2006-04-22 Islamabad: Pakistan's army will soon start recruiting women officers for active combat duty, a senior military official said.

'In the beginning, we will induct some 30 women cadets (for regular commission as officers) in the army's corps of signals, electrical and mechanical engineering (EME) and the legal branch,' the Associated Press of Pakistan (APP) Saturday quoted chief military spokesman Major General Shaukat Sultan as saying.

This will be the first exposure of women to these 'highly technical' branches of the army, he told the agency.

Sultan said induction of women officers in combat corps would be considered after evaluating performance of these 30 cadets, who would get commission in the army on completion of their studies and military training.

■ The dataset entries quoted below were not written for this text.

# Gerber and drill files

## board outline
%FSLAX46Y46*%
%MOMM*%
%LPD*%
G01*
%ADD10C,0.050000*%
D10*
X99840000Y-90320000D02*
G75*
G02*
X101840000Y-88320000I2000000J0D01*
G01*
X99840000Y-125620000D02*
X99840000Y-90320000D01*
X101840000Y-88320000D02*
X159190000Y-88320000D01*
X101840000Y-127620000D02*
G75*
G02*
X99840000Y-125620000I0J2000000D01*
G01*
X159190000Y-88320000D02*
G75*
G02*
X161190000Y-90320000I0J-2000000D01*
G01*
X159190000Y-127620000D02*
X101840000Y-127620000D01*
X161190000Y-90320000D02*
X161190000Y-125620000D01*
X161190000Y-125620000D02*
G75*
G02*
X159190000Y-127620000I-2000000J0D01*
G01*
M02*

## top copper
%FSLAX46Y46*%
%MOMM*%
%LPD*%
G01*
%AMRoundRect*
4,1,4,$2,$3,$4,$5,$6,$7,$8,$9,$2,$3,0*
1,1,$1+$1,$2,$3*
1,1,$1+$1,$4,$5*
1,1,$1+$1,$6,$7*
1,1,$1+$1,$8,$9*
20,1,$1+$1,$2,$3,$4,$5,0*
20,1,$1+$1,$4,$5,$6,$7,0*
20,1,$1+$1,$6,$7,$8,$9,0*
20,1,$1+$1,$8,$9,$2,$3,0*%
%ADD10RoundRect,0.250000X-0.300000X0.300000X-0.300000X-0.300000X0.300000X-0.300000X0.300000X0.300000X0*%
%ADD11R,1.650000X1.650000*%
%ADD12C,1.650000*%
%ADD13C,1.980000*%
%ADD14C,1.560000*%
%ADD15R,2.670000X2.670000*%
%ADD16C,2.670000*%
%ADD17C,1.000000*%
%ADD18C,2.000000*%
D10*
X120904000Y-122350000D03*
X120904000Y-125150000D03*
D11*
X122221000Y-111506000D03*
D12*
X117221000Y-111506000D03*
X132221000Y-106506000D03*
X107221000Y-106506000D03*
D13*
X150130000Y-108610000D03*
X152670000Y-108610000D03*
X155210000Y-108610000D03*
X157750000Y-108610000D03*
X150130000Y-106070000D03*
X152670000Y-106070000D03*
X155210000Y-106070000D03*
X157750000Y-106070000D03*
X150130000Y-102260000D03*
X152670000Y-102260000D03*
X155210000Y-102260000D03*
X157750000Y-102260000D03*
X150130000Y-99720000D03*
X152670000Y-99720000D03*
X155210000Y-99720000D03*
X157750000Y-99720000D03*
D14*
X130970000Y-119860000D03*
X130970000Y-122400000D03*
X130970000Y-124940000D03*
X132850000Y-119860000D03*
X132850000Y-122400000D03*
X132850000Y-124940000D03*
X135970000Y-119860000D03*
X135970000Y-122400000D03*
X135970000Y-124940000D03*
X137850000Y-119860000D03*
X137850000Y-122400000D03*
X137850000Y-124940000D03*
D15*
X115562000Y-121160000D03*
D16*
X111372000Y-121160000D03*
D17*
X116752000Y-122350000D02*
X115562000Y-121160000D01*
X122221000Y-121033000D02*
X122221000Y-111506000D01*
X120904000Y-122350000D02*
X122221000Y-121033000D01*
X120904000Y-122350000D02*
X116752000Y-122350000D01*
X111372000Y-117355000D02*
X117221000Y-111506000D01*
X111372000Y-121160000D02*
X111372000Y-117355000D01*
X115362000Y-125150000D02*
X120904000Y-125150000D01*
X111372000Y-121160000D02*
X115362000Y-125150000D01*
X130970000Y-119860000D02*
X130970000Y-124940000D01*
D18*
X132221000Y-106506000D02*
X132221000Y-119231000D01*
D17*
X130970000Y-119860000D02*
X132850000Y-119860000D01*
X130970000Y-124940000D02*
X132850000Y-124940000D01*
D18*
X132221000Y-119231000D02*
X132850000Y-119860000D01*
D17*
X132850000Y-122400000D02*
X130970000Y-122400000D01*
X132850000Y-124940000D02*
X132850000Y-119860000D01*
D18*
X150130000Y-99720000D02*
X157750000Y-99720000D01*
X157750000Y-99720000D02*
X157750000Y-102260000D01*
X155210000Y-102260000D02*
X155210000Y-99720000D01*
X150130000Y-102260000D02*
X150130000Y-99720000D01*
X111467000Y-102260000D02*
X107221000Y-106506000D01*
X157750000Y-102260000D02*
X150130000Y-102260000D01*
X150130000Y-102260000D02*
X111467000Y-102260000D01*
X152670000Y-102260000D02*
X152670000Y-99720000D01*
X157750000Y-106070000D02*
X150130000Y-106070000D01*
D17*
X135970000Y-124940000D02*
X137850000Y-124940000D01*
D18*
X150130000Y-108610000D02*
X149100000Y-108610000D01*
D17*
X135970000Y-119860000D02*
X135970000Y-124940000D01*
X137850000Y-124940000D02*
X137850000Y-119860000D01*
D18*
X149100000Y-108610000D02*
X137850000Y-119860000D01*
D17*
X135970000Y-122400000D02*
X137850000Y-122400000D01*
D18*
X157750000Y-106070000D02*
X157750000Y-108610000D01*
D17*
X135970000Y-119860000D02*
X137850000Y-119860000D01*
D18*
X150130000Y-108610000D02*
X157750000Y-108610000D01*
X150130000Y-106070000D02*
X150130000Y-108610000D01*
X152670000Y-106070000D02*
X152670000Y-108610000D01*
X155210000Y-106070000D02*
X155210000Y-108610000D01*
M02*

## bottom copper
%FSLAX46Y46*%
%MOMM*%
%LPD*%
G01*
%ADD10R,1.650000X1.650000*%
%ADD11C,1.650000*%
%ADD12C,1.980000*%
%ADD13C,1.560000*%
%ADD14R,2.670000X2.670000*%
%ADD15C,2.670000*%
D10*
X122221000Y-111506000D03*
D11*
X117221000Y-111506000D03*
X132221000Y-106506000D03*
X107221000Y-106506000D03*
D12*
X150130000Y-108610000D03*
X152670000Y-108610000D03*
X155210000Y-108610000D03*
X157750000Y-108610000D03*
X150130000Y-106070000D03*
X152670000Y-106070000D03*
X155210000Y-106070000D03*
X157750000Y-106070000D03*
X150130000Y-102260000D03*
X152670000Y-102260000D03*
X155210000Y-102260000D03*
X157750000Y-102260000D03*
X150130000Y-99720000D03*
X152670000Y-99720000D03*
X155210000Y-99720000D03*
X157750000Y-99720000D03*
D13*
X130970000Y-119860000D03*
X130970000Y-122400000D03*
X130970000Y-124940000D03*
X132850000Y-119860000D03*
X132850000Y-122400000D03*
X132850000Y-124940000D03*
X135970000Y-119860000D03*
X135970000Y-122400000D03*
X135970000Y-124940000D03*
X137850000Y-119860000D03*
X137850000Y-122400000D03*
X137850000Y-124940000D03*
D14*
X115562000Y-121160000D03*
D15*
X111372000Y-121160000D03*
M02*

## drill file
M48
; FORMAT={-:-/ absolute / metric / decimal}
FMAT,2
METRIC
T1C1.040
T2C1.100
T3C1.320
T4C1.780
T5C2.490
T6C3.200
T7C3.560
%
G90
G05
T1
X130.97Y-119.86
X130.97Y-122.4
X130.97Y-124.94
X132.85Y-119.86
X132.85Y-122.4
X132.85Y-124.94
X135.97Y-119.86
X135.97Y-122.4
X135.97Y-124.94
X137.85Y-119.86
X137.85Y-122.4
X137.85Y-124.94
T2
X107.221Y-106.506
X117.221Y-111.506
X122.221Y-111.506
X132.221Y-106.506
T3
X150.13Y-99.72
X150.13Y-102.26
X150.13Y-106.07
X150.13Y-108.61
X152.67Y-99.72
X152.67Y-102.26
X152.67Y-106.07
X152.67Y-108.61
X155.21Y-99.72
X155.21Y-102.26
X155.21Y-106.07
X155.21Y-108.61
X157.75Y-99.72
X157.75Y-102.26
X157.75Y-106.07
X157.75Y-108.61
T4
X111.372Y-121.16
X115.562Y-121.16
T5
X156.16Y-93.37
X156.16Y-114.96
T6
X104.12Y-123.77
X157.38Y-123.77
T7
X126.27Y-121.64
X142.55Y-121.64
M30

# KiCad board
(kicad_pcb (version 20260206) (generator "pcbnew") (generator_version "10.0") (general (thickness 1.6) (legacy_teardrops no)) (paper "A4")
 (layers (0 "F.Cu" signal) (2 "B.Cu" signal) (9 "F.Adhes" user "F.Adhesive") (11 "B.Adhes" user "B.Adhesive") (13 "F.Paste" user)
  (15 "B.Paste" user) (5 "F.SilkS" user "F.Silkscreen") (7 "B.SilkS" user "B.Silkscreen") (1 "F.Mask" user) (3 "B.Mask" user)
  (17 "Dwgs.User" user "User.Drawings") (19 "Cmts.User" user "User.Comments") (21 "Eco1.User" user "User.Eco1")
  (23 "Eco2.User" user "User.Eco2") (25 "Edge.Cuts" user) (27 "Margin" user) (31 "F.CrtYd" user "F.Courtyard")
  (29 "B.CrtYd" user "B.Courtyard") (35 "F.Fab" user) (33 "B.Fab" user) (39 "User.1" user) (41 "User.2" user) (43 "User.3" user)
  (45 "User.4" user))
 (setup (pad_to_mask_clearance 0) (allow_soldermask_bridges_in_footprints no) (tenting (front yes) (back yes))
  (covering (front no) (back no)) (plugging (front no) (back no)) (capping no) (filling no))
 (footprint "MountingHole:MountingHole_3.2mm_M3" (layer "F.Cu") (at 104.12 123.77)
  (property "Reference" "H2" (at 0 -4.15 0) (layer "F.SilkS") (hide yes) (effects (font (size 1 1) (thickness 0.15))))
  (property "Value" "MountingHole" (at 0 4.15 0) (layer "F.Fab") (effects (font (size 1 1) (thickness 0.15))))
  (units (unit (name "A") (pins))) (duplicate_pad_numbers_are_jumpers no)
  (pad "" np_thru_hole circle (at 0 0) (size 3.2 3.2) (drill 3.2) (layers "*.Cu" "*.Mask")))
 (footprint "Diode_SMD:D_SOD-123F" (layer "F.Cu") (at 120.904 123.75 -90)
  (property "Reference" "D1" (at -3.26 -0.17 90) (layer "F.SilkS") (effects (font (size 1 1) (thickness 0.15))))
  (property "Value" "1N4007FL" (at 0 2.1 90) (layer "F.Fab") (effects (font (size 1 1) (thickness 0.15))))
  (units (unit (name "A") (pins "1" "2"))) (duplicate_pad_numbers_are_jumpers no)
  (pad "1" smd roundrect (at -1.4 0 270) (size 1.1 1.1) (layers "F.Cu" "F.Mask" "F.Paste") (roundrect_rratio 0.2272727273)
   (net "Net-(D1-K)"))
  (pad "2" smd roundrect (at 1.4 0 270) (size 1.1 1.1) (layers "F.Cu" "F.Mask" "F.Paste") (roundrect_rratio 0.2272727273) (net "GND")))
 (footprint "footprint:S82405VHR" (layer "F.Cu") (at 122.221 111.506 180)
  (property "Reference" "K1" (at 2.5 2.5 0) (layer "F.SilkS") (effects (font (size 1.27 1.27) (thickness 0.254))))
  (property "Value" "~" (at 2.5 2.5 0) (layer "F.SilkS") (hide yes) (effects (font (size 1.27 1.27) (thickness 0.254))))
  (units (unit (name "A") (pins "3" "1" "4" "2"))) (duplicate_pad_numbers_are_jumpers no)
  (pad "1" thru_hole rect (at 0 0 180) (size 1.65 1.65) (drill 1.1) (layers "*.Cu" "*.Mask") (remove_unused_layers no) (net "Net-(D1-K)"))
  (pad "2" thru_hole circle (at 5 0 180) (size 1.65 1.65) (drill 1.1) (layers "*.Cu" "*.Mask") (remove_unused_layers no) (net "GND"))
  (pad "3" thru_hole circle (at -10 5 180) (size 1.65 1.65) (drill 1.1) (layers "*.Cu" "*.Mask") (remove_unused_layers no)
   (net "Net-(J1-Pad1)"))
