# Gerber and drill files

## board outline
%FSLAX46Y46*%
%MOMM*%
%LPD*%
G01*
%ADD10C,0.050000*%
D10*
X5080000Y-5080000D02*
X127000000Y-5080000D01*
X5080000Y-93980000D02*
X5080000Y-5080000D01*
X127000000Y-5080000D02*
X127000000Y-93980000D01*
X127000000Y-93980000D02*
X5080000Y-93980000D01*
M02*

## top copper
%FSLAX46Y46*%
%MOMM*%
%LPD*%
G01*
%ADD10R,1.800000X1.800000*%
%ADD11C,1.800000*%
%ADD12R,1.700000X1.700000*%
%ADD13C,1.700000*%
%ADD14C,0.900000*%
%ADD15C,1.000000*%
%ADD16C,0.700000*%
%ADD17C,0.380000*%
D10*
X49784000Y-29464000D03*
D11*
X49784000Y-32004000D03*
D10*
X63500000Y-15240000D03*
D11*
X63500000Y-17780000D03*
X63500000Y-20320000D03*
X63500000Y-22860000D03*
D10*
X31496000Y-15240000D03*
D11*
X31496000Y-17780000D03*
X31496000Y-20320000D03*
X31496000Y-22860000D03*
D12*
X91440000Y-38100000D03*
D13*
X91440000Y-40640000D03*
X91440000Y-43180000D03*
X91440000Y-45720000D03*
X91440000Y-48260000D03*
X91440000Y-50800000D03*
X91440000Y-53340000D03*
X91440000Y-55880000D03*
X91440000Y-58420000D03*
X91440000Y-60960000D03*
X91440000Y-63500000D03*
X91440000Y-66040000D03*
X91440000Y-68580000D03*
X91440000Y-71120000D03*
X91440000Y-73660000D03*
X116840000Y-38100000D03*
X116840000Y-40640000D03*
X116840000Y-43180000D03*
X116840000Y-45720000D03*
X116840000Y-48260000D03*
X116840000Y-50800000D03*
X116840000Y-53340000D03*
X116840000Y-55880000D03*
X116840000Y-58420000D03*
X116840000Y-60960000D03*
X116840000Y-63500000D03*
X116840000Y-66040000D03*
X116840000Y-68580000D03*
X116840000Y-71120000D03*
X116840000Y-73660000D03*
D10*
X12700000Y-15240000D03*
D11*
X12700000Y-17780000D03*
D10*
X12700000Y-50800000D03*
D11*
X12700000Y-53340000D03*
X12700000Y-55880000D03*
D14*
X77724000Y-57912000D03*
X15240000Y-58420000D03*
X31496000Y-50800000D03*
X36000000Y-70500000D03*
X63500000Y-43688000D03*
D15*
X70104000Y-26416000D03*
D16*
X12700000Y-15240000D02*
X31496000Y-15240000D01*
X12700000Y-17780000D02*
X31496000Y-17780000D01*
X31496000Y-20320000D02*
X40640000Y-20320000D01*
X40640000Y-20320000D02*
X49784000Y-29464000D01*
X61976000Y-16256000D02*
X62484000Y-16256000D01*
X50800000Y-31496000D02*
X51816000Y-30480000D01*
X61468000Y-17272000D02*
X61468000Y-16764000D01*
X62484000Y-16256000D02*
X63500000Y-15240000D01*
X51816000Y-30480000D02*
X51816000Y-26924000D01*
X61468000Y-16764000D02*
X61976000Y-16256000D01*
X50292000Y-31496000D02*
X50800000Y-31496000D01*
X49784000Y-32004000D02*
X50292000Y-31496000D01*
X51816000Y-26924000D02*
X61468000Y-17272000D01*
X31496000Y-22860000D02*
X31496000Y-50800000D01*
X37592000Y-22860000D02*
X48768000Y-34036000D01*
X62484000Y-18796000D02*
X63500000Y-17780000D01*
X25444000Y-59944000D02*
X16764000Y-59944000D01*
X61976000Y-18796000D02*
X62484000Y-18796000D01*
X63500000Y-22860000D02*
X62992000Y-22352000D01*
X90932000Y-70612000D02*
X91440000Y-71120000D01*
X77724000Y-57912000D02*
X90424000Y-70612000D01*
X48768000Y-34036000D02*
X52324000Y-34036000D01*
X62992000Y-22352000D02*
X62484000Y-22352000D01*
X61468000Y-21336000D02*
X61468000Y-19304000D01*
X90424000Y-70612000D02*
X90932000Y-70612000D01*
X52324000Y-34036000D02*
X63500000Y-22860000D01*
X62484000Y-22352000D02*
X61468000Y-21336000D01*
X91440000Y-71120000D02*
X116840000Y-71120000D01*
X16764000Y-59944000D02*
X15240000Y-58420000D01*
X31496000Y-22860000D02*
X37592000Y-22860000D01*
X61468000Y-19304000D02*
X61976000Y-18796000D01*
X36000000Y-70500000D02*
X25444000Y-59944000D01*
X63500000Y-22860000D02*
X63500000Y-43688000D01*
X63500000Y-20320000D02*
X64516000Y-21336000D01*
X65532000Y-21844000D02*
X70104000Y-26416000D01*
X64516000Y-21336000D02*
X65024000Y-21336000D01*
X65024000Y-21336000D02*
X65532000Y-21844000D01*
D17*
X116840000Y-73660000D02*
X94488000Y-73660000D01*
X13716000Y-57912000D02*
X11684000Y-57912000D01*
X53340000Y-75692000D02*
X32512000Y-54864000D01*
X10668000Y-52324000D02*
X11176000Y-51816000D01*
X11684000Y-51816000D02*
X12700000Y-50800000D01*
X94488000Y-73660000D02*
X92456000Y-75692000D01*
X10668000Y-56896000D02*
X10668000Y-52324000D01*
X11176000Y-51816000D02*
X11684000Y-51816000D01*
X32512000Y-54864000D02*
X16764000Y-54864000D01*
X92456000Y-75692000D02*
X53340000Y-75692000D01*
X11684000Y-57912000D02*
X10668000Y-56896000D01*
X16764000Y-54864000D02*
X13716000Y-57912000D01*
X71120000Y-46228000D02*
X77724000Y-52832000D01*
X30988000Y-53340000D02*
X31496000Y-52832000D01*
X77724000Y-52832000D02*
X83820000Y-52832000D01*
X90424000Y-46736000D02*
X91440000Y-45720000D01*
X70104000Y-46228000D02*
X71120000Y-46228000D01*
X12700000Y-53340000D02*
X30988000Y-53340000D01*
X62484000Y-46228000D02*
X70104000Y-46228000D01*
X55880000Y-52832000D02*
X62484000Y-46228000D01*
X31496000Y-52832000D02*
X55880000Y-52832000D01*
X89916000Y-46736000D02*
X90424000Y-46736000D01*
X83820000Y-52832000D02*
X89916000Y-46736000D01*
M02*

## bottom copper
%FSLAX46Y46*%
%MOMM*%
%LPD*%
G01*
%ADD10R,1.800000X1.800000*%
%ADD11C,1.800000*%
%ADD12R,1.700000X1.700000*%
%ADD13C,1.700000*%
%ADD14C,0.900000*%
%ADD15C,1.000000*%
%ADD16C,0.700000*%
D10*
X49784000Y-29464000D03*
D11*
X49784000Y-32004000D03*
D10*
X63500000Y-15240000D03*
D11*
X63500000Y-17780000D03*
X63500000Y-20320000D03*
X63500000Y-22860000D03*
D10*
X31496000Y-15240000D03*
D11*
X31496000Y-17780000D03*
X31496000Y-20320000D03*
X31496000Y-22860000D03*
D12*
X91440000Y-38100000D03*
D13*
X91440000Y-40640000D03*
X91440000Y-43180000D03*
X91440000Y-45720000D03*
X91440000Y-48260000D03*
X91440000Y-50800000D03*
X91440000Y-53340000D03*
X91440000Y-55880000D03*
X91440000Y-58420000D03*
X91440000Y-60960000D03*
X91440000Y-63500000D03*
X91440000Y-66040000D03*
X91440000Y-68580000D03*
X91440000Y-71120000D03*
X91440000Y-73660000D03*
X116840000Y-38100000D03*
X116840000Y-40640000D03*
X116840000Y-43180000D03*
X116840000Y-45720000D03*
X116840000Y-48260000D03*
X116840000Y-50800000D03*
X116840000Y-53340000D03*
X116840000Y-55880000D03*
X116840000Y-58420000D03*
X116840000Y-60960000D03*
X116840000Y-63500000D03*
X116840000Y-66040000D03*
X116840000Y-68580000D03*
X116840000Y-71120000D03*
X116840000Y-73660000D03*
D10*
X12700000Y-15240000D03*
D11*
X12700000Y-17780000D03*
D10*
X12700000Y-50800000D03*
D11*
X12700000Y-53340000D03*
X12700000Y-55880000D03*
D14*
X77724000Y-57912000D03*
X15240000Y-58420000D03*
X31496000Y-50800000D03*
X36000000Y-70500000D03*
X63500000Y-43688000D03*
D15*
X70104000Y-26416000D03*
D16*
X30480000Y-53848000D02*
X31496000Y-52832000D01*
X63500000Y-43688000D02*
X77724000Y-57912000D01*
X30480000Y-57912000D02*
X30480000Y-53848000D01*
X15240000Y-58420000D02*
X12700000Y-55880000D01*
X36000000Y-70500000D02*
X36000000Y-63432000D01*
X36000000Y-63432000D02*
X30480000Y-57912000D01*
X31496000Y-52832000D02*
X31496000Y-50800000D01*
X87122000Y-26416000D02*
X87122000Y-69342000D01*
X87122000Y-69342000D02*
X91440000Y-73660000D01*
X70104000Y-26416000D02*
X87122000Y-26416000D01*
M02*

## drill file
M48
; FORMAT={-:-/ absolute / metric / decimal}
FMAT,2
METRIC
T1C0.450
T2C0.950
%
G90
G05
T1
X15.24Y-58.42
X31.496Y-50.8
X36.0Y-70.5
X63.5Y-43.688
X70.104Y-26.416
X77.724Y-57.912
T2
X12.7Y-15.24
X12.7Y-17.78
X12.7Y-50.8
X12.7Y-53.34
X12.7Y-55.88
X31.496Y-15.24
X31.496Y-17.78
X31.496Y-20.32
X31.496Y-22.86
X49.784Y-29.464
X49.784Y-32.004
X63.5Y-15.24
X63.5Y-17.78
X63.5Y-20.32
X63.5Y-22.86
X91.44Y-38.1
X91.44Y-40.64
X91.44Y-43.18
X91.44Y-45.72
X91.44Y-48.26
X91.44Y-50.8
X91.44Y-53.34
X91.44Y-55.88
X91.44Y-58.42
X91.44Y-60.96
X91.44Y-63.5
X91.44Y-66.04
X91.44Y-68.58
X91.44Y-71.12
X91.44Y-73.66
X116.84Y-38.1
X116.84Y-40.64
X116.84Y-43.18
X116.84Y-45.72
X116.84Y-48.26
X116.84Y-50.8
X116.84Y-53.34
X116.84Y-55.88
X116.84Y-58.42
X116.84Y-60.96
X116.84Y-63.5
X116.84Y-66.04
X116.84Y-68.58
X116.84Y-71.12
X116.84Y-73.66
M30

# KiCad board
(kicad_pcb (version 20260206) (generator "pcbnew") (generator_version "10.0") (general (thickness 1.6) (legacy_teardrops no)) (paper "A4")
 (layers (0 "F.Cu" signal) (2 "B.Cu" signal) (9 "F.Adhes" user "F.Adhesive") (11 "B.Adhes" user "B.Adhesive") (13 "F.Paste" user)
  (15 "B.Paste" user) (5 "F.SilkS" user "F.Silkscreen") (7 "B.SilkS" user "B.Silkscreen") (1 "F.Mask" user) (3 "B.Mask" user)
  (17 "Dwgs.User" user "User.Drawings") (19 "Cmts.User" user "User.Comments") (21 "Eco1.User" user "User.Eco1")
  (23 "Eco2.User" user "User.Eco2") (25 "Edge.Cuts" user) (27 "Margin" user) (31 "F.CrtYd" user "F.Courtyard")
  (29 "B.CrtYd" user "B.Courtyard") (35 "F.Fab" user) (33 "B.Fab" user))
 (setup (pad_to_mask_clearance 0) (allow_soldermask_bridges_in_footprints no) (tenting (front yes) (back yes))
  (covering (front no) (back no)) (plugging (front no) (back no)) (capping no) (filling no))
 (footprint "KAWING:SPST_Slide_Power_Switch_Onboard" (layer "F.Cu") (at 49.784 29.464)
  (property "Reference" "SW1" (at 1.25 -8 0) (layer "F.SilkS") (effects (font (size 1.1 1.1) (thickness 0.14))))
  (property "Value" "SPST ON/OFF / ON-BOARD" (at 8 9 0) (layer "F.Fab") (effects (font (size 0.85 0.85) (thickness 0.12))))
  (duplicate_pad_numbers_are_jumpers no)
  (pad "1" thru_hole rect (at 0 0) (size 1.8 1.8) (drill 0.95) (layers "*.Cu" "*.Mask") (remove_unused_layers no) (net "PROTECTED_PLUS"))
  (pad "2" thru_hole circle (at 0 2.54) (size 1.8 1.8) (drill 0.95) (layers "*.Cu" "*.Mask") (remove_unused_layers no)
   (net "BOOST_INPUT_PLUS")))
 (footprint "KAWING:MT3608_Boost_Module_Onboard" (layer "F.Cu") (at 63.5 15.24)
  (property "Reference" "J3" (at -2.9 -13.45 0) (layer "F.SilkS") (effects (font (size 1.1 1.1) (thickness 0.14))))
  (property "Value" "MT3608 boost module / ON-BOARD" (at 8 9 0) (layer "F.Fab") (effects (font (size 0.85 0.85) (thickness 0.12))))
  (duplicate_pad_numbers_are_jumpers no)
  (pad "1" thru_hole rect (at 0 0) (size 1.8 1.8) (drill 0.95) (layers "*.Cu" "*.Mask") (remove_unused_layers no) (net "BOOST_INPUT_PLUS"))
  (pad "2" thru_hole circle (at 0 2.54) (size 1.8 1.8) (drill 0.95) (layers "*.Cu" "*.Mask") (remove_unused_layers no) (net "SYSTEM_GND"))
  (pad "3" thru_hole circle (at 0 5.08) (size 1.8 1.8) (drill 0.95) (layers "*.Cu" "*.Mask") (remove_unused_layers no) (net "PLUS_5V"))
  (pad "4" thru_hole circle (at 0 7.62) (size 1.8 1.8) (drill 0.95) (layers "*.Cu" "*.Mask") (remove_unused_layers no) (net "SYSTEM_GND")))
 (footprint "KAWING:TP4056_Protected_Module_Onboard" (layer "F.Cu") (at 31.496 15.24)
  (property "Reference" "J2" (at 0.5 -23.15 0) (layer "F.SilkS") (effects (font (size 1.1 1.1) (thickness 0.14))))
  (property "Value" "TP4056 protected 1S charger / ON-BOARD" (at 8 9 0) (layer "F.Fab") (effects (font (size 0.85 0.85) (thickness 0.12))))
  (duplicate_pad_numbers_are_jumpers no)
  (pad "1" thru_hole rect (at 0 0) (size 1.8 1.8) (drill 0.95) (layers "*.Cu" "*.Mask") (remove_unused_layers no) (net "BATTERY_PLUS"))
  (pad "2" thru_hole circle (at 0 2.54) (size 1.8 1.8) (drill 0.95) (layers "*.Cu" "*.Mask") (remove_unused_layers no) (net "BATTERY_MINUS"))
  (pad "3" thru_hole circle (at 0 5.08) (size 1.8 1.8) (drill 0.95) (layers "*.Cu" "*.Mask") (remove_unused_layers no)
   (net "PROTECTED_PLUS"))
  (pad "4" thru_hole circle (at 0 7.62) (size 1.8 1.8) (drill 0.95) (layers "*.Cu" "*.Mask") (remove_unused_layers no) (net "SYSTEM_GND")))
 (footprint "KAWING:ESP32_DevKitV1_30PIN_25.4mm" (layer "F.Cu") (at 91.44 38.1)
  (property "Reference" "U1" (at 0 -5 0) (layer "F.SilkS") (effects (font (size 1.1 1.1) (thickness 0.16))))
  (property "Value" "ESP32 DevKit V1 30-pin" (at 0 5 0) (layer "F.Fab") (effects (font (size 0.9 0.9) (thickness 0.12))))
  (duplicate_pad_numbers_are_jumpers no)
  (pad "1" thru_hole rect (at 0 0) (size 1.7 1.7) (drill 0.95) (layers "*.Cu" "*.Mask") (remove_unused_layers no))
  (pad "2" thru_hole circle (at 0 2.54) (size 1.7 1.7) (drill 0.95) (layers "*.Cu" "*.Mask") (remove_unused_layers no))
  (pad "3" thru_hole circle (at 0 5.08) (size 1.7 1.7) (drill 0.95) (layers "*.Cu" "*.Mask") (remove_unused_layers no))
  (pad "4" thru_hole circle (at 0 7.62) (size 1.7 1.7) (drill 0.95) (layers "*.Cu" "*.Mask") (remove_unused_layers no) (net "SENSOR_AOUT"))
  (pad "5" thru_hole circle (at 0 10.16) (size 1.7 1.7) (drill 0.95) (layers "*.Cu" "*.Mask") (remove_unused_layers no))
  (pad "6" thru_hole circle (at 0 12.7) (size 1.7 1.7) (drill 0.95) (layers "*.Cu" "*.Mask") (remove_unused_layers no))
  (pad "7" thru_hole circle (at 0 15.24) (size 1.7 1.7) (drill 0.95) (layers "*.Cu" "*.Mask") (remove_unused_layers no))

While women doctors and nurses are already serving the army's medical corps, they have never been part of any combat force in the over 500,000-strong army, comprising mainly infantry, armoured corps and artillery.

For the first time in its history, the army also inducted a Pakistani Sikh, as a cadet in the Pakistan military academy (PMA), some 125 km north of Islamabad.

The cadet, identified as Harcharan Singh, is set to graduate as Second Lieutenant in October 2007.

Non-Muslim minorities make some three percent of Pakistan's roughly 155 million population. Minorities' representation in the armed forces is equally low, and only a few Christian officers and soldiers are serving the forces.

Meanwhile, Pakistan Air Force (PAF) for the first time commissioned four women combat fliers in its general duty pilots (GDP) branch last month.

On April 13, two under-training female cadets of the PAF academy became the first Pakistani women to complete a Para-jumping course.